In this embodiment, the label is a color label, the proxy shapes corresponding to different devices render different colors, and a one-to-one mapping relationship between the colors and the device identifiers is established; and reading the color value of the pixel according to the corresponding relation between the proxy-shaped body in the virtual synthesized image and the position of the equipment in the current frame image, determining the equipment identification of the equipment corresponding to the color value in the current frame image, and determining the imaging area of the equipment in the current frame image according to the area range of the color value pixel. For example, the statistical pixel color value is the maximum coordinate value and the minimum coordinate value of the abscissa and the ordinate of all the pixels of the color of the device a, and a rectangular region can be defined, and the region can be estimated as the imaging region of the device a.

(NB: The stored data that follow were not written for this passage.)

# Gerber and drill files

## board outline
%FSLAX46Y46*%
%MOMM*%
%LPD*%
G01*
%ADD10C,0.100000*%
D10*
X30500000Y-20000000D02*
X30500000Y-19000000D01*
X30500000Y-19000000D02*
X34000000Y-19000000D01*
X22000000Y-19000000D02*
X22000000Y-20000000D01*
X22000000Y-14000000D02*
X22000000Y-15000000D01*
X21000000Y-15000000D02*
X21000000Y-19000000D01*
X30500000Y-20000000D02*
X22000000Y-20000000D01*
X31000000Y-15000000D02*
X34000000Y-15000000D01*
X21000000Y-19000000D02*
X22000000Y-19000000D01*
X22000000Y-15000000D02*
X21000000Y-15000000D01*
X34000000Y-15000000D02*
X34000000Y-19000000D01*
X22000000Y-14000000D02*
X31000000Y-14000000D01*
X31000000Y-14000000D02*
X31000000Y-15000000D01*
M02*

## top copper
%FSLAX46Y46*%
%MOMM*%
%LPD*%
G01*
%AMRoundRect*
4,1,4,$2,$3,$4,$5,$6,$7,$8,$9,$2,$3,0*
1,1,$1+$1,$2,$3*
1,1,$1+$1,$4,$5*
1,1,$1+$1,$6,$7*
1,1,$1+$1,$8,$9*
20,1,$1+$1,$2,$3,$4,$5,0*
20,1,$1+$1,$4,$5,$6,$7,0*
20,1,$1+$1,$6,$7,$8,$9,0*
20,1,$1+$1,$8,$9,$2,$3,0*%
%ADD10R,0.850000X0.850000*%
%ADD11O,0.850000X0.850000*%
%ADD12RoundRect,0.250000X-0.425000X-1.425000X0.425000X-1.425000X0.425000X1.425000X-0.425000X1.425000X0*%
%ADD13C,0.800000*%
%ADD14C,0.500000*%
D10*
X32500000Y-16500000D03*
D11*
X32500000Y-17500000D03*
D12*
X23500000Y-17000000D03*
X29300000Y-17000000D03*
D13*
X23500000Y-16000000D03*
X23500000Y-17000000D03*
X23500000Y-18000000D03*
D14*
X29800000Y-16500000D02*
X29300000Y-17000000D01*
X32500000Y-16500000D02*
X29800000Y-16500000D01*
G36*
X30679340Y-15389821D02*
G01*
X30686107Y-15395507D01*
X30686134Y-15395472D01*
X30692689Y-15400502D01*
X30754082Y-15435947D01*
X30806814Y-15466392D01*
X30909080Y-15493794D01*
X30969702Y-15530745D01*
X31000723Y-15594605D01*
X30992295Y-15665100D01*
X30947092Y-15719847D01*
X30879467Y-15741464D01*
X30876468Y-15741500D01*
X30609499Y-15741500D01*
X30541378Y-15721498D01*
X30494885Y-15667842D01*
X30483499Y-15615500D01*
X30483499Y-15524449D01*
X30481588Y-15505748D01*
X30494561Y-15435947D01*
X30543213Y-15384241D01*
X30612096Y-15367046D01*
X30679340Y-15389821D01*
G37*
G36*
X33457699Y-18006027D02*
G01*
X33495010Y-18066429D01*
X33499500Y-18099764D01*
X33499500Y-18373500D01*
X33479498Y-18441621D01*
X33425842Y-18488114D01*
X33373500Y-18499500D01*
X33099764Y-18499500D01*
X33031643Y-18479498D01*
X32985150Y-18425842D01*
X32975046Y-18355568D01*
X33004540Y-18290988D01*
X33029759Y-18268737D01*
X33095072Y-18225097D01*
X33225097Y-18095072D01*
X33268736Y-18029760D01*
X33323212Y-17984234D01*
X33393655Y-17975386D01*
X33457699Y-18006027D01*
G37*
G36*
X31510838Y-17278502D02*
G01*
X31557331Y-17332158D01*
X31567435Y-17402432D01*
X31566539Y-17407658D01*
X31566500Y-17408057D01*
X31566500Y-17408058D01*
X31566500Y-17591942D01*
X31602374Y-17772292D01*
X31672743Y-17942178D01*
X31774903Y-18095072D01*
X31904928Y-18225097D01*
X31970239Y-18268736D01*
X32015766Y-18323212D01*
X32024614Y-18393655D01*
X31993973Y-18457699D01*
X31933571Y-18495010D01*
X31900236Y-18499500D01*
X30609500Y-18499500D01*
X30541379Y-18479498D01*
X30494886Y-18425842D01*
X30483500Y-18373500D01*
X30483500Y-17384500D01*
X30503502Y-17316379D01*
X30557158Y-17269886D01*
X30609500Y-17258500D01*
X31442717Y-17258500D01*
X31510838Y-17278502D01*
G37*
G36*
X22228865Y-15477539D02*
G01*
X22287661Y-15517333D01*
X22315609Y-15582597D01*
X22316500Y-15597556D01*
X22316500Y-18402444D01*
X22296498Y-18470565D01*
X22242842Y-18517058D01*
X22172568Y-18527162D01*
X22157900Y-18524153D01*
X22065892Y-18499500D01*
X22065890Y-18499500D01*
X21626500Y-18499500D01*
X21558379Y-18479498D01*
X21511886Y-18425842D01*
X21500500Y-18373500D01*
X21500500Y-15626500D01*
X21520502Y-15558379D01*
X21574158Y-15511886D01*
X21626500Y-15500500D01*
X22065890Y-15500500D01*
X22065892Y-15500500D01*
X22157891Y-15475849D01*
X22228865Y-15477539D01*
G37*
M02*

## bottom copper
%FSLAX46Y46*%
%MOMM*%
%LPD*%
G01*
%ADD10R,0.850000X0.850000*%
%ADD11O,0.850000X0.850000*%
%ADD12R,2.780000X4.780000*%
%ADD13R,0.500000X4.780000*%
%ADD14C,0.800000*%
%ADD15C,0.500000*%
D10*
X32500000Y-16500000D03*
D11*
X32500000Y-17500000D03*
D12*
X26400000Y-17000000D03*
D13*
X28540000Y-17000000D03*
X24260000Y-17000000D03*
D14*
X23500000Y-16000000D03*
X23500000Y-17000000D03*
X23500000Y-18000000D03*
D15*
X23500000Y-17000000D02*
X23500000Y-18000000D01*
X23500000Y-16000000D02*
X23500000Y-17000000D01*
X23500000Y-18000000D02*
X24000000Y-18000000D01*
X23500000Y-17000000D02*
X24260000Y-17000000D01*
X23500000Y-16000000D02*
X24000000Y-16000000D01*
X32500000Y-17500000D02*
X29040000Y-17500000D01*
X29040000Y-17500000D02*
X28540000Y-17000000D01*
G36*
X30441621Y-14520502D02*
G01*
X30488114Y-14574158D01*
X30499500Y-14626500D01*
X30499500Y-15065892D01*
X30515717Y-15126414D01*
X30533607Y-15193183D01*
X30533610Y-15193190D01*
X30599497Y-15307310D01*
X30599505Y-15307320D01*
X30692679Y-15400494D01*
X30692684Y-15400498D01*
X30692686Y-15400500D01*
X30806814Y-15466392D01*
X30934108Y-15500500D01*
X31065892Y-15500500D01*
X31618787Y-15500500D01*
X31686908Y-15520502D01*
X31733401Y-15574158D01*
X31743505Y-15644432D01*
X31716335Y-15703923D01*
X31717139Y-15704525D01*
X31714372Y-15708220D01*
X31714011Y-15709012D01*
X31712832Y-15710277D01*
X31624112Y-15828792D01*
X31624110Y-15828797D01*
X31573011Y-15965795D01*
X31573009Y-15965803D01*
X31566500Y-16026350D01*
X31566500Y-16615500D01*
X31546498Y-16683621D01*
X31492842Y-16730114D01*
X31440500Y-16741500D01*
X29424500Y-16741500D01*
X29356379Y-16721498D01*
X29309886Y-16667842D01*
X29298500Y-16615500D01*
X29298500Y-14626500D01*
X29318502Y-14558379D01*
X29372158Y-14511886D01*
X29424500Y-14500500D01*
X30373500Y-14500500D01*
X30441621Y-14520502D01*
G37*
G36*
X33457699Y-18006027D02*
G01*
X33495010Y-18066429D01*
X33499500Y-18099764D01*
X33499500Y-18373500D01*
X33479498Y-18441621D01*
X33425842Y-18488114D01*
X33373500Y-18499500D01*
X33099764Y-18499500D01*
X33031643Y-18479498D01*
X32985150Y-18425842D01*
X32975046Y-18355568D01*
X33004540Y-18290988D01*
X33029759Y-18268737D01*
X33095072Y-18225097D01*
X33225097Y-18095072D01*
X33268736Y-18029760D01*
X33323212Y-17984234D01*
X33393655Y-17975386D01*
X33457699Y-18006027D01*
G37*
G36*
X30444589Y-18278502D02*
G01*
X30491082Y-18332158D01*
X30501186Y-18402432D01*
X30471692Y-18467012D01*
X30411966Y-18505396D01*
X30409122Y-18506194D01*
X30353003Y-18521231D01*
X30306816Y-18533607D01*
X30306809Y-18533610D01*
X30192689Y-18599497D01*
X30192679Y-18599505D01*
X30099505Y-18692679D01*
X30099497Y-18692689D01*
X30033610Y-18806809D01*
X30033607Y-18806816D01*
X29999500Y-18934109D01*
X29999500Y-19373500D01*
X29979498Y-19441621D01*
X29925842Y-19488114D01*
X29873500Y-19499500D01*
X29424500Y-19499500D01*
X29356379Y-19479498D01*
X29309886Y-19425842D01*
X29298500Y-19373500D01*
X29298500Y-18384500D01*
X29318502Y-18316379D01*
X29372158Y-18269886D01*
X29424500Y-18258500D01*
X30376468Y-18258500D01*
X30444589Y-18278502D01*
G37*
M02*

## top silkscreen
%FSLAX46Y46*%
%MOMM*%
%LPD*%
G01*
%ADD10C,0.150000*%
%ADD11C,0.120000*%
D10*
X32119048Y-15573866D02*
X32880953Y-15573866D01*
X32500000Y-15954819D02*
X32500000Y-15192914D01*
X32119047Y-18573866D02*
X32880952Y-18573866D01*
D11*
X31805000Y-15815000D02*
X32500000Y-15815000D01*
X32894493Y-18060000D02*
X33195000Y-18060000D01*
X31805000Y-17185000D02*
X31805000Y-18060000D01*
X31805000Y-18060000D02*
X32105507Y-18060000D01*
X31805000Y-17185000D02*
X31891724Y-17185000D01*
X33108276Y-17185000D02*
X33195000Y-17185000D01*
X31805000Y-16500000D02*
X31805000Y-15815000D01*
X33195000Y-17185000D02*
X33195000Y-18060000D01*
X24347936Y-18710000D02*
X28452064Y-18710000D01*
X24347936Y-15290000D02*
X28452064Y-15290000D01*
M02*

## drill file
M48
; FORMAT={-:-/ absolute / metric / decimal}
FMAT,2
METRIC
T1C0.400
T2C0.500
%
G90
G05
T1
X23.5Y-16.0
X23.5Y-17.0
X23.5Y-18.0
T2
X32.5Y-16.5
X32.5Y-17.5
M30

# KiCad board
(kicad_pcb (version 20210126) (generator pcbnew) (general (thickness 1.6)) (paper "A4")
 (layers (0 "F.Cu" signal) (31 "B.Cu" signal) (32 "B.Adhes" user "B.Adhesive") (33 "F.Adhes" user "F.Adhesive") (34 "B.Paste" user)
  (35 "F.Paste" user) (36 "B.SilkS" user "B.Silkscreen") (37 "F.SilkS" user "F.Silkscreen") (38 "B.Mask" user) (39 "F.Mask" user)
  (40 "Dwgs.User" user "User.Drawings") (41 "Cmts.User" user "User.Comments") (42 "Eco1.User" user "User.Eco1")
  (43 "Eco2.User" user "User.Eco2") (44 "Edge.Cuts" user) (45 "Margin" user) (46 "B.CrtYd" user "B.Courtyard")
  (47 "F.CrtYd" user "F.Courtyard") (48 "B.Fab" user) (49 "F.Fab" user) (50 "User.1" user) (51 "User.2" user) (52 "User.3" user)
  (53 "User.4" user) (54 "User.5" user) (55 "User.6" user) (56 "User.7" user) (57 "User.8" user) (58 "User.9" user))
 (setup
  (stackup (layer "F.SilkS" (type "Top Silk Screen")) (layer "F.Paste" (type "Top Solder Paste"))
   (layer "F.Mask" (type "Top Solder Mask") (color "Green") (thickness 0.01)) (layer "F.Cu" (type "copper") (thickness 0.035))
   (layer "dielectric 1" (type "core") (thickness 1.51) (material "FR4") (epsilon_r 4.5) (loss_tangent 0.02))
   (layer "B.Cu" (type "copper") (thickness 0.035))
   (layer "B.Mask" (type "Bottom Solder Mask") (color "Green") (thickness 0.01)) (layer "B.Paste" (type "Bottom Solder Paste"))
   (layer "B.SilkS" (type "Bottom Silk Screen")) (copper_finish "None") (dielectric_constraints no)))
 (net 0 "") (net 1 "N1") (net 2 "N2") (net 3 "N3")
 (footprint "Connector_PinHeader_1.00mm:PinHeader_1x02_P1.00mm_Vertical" (layer "F.Cu") (at 32.5 16.5)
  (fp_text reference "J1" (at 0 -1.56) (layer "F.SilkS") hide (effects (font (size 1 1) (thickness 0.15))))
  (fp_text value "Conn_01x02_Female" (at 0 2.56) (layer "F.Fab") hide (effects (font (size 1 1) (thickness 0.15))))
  (fp_line (start -0.695 -0.685) (end 0 -0.685) (layer "F.SilkS") (width 0.12))
  (fp_line (start 0.394493 1.56) (end 0.695 1.56) (layer "F.SilkS") (width 0.12))
  (fp_line (start -0.695 0.685) (end -0.695 1.56) (layer "F.SilkS") (width 0.12))
  (fp_line (start -0.695 1.56) (end -0.394493 1.56) (layer "F.SilkS") (width 0.12))
  (fp_line (start -0.695 0.685) (end -0.608276 0.685) (layer "F.SilkS") (width 0.12))
  (fp_line (start 0.608276 0.685) (end 0.695 0.685) (layer "F.SilkS") (width 0.12))
  (fp_line (start -0.695 0) (end -0.695 -0.685) (layer "F.SilkS") (width 0.12))
  (fp_line (start 0.695 0.685) (end 0.695 1.56) (layer "F.SilkS") (width 0.12))
  (pad "1" thru_hole rect (at 0 0) (locked) (size 0.85 0.85) (drill 0.5) (layers *.Cu *.Mask) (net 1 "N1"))
  (pad "2" thru_hole oval (at 0 1) (locked) (size 0.85 0.85) (drill 0.5) (layers *.Cu *.Mask) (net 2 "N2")))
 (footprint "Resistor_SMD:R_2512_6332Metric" (layer "F.Cu") (at 26.4 17)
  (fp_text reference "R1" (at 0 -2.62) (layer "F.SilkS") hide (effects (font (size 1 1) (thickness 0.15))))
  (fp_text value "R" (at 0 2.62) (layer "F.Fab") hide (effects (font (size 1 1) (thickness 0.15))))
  (fp_line (start -2.052064 1.71) (end 2.052064 1.71) (layer "F.SilkS") (width 0.12))
  (fp_line (start -2.052064 -1.71) (end 2.052064 -1.71) (layer "F.SilkS") (width 0.12))
  (pad "1" smd roundrect (at -2.9 0) (locked) (size 1.35 3.35) (layers "F.Cu" "F.Paste" "F.Mask") (roundrect_rratio 0.1851851851851852)
   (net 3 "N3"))
  (pad "2" smd roundrect (at 2.9 0) (locked) (size 1.35 3.35) (layers "F.Cu" "F.Paste" "F.Mask") (roundrect_rratio 0.1851851851851852)
   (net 1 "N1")))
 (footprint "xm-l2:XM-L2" (layer "B.Cu") (at 26.4 17 180)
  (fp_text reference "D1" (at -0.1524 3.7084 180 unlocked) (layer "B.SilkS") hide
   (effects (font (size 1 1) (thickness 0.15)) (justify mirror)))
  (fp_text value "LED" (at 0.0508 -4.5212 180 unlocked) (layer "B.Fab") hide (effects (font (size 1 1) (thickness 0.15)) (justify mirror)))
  (pad "" smd rect (at 0 0 180) (locked) (size 2.78 4.78) (layers "B.Cu" "B.Paste" "B.Mask"))
  (pad "1" smd rect (at -2.14 0 180) (locked) (size 0.5 4.78) (layers "B.Cu" "B.Paste" "B.Mask") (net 2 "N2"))
  (pad "2" smd rect (at 2.14 0 180) (locked) (size 0.5 4.78) (layers "B.Cu" "B.Paste" "B.Mask") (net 3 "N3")))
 (gr_line (start 30.5 20) (end 30.5 19) (layer "Edge.Cuts") (width 0.1))
 (gr_line (start 30.5 19) (end 34 19) (layer "Edge.Cuts") (width 0.1))
 (gr_line (start 22 19) (end 22 20) (layer "Edge.Cuts") (width 0.1))
 (gr_line (start 22 14) (end 22 15) (layer "Edge.Cuts") (width 0.1))
 (gr_line (start 21 15) (end 21 19) (layer "Edge.Cuts") (width 0.1))
 (gr_line (start 30.5 20) (end 22 20) (layer "Edge.Cuts") (width 0.1))
 (gr_line (start 31 15) (end 34 15) (layer "Edge.Cuts") (width 0.1))
 (gr_line (start 21 19) (end 22 19) (layer "Edge.Cuts") (width 0.1))
 (gr_line (start 22 15) (end 21 15) (layer "Edge.Cuts") (width 0.1))
 (gr_line (start 34 15) (end 34 19) (layer "Edge.Cuts") (width 0.1))
 (gr_line (start 22 14) (end 31 14) (layer "Edge.Cuts") (width 0.1))
 (gr_line (start 31 14) (end 31 15) (layer "Edge.Cuts") (width 0.1))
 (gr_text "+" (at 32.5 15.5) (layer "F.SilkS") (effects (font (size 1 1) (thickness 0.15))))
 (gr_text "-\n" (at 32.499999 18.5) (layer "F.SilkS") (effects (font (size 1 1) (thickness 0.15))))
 (via (at 23.5 16) (size 0.8) (drill 0.4) (layers "F.Cu" "B.Cu") (free) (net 3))
 (via (at 23.5 17) (size 0.8) (drill 0.4) (layers "F.Cu" "B.Cu") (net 3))
 (via (at 23.5 18) (size 0.8) (drill 0.4) (layers "F.Cu" "B.Cu") (free) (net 3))
 (segment (start 23.5 17) (end 23.5 18) (width 0.5) (layer "B.Cu") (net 3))
 (segment (start 23.5 16) (end 23.5 17) (width 0.5) (layer "B.Cu") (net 3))
 (segment (start 23.5 18) (end 24 18) (width 0.5) (layer "B.Cu") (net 3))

In this embodiment, a workshop information display setting module and an AR information display interface library are further employed, the AR display interface library defines multiple types of display interfaces, and the workshop information display setting module is configured to set a display interface type of each device parameter and/or digital twin information and information or parameters displayed by the interface; in the step 5, after the digital twin information of the equipment and the information display area of the equipment are obtained, the setting of the equipment in the workshop information display setting module is read, and the type of the display interface and the information or parameters to be displayed are obtained; in the step 6, a display interface of a corresponding type is acquired from the AR information display interface library according to the acquired display interface type, the display interface is superimposed on the information display area of the device in the current frame image, and the device information or parameters to be displayed are displayed through the display interface.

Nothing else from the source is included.